++++ Data provided

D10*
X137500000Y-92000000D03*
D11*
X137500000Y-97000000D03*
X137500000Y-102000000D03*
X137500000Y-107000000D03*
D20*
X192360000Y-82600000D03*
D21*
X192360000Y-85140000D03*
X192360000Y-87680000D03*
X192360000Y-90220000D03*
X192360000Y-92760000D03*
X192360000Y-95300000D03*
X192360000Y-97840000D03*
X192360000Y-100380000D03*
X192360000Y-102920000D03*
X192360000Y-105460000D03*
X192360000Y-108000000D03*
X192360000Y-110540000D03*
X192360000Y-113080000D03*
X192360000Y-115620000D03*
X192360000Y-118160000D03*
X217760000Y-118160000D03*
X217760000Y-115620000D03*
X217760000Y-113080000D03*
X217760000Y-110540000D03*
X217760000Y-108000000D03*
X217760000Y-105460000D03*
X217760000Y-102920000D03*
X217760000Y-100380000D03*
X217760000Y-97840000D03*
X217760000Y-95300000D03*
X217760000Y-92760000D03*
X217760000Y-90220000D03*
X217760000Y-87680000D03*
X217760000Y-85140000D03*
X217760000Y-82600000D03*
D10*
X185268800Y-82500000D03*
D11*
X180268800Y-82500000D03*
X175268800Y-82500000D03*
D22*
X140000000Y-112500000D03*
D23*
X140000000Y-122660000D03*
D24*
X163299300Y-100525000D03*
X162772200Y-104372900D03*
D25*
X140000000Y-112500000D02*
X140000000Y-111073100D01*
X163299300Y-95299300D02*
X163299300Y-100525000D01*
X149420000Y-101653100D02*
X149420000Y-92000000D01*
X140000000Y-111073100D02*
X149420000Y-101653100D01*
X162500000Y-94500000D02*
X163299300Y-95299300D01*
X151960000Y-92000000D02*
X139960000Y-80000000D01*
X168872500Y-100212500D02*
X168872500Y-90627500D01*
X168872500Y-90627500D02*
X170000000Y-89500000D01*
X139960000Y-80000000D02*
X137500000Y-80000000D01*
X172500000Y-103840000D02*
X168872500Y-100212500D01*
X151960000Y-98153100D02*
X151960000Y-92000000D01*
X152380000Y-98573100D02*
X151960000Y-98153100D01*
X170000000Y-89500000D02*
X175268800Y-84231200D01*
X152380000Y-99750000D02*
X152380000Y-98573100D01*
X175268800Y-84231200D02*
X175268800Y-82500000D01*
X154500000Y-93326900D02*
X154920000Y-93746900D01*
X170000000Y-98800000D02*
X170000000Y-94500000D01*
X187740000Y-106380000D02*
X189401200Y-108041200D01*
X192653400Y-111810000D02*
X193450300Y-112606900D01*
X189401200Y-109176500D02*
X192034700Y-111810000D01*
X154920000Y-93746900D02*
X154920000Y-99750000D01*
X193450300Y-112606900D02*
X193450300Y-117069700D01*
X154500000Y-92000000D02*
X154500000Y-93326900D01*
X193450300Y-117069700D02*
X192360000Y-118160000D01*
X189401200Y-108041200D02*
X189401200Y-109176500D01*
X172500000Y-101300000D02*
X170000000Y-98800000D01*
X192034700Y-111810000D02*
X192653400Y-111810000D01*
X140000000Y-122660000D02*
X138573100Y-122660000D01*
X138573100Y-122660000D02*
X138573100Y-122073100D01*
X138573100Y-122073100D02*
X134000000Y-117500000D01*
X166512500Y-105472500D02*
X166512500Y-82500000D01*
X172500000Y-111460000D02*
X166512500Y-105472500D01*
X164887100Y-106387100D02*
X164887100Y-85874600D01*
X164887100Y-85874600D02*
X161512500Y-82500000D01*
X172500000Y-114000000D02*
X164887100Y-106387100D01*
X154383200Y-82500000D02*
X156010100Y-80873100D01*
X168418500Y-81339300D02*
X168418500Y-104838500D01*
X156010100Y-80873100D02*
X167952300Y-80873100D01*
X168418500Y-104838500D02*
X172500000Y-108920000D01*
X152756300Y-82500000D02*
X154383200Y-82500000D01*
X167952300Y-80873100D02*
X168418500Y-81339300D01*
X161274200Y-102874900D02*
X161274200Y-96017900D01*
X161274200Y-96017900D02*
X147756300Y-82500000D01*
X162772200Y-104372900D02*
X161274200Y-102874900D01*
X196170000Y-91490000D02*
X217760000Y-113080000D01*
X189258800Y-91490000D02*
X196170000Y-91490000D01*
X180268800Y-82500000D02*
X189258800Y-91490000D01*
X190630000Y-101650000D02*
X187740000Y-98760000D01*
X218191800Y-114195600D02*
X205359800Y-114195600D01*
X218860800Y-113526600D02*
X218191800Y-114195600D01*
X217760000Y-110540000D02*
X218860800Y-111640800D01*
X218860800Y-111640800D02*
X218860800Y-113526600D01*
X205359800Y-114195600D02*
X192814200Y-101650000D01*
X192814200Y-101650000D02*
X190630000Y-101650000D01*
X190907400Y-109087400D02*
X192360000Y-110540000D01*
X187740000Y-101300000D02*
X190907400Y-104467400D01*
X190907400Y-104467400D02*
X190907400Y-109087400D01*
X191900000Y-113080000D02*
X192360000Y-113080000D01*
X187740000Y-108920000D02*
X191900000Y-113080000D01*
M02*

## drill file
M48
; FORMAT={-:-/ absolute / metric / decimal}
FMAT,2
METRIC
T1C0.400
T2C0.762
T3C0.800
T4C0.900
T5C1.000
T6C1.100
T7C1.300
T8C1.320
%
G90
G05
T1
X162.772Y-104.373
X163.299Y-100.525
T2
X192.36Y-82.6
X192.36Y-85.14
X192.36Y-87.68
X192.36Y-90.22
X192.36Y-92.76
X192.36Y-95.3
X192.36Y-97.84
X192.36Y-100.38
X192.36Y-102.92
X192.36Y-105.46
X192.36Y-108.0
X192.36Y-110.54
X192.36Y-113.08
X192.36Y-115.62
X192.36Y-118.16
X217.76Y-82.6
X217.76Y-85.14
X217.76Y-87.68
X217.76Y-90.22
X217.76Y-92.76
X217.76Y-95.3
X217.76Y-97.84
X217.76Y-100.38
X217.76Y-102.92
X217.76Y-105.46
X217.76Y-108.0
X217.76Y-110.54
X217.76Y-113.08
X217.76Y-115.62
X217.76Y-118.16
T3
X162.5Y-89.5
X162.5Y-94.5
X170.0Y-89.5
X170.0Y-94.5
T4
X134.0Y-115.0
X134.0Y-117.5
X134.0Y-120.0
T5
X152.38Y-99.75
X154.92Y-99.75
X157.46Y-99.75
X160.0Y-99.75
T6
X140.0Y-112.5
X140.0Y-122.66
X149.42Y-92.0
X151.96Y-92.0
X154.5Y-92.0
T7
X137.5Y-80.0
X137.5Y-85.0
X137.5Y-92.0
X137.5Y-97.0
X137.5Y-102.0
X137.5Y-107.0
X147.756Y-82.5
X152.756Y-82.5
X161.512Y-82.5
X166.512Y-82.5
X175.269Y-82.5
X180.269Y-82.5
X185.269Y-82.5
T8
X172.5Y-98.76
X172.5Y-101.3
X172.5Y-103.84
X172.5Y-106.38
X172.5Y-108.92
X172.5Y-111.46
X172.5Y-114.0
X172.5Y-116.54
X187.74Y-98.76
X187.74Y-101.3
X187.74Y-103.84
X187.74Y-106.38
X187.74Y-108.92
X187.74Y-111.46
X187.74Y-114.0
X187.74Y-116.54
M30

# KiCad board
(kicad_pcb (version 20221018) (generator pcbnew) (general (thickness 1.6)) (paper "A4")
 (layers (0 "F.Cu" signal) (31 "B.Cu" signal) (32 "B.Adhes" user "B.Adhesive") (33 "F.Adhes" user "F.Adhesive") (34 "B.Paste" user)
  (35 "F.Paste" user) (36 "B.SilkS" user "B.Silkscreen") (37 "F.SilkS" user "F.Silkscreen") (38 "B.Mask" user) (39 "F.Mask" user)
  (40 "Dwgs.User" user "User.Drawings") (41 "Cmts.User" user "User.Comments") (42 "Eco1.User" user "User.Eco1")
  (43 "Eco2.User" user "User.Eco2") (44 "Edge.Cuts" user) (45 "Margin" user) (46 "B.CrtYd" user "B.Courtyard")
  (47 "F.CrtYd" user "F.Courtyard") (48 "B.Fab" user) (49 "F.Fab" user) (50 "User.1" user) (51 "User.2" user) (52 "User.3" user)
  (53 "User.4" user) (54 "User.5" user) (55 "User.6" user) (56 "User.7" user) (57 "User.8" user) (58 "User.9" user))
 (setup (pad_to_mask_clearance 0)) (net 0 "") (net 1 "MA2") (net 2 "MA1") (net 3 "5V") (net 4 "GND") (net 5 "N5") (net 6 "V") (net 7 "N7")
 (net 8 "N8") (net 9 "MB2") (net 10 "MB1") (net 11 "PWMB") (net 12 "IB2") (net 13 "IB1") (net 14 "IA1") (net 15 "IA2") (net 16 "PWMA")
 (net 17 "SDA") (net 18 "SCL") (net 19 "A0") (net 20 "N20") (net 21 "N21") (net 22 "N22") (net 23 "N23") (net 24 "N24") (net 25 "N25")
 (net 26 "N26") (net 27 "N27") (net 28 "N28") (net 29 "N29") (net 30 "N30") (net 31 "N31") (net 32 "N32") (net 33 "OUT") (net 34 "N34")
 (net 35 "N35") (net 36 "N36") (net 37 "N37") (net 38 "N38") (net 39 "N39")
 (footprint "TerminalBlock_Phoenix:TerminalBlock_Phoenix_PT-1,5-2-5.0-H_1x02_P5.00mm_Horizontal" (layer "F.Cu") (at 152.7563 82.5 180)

++++++++

# Task requirements
Only the lines above starting at the one containing "X149420000Y-101653100D02*" and ending at the one containing "X193450300Y-117069700D01*", both included, are to be returned, exactly as they read.

# Task response
X149420000Y-101653100D02*
X149420000Y-92000000D01*
X140000000Y-111073100D02*
X149420000Y-101653100D01*
X162500000Y-94500000D02*
X163299300Y-95299300D01*
X151960000Y-92000000D02*
X139960000Y-80000000D01*
X168872500Y-100212500D02*
X168872500Y-90627500D01*
X168872500Y-90627500D02*
X170000000Y-89500000D01*
X139960000Y-80000000D02*
X137500000Y-80000000D01*
X172500000Y-103840000D02*
X168872500Y-100212500D01*
X151960000Y-98153100D02*
X151960000Y-92000000D01*
X152380000Y-98573100D02*
X151960000Y-98153100D01*
X170000000Y-89500000D02*
X175268800Y-84231200D01*
X152380000Y-99750000D02*
X152380000Y-98573100D01*
X175268800Y-84231200D02*
X175268800Y-82500000D01*
X154500000Y-93326900D02*
X154920000Y-93746900D01*
X170000000Y-98800000D02*
X170000000Y-94500000D01*
X187740000Y-106380000D02*
X189401200Y-108041200D01*
X192653400Y-111810000D02*
X193450300Y-112606900D01*
X189401200Y-109176500D02*
X192034700Y-111810000D01*
X154920000Y-93746900D02*
X154920000Y-99750000D01*
X193450300Y-112606900D02*
X193450300Y-117069700D01*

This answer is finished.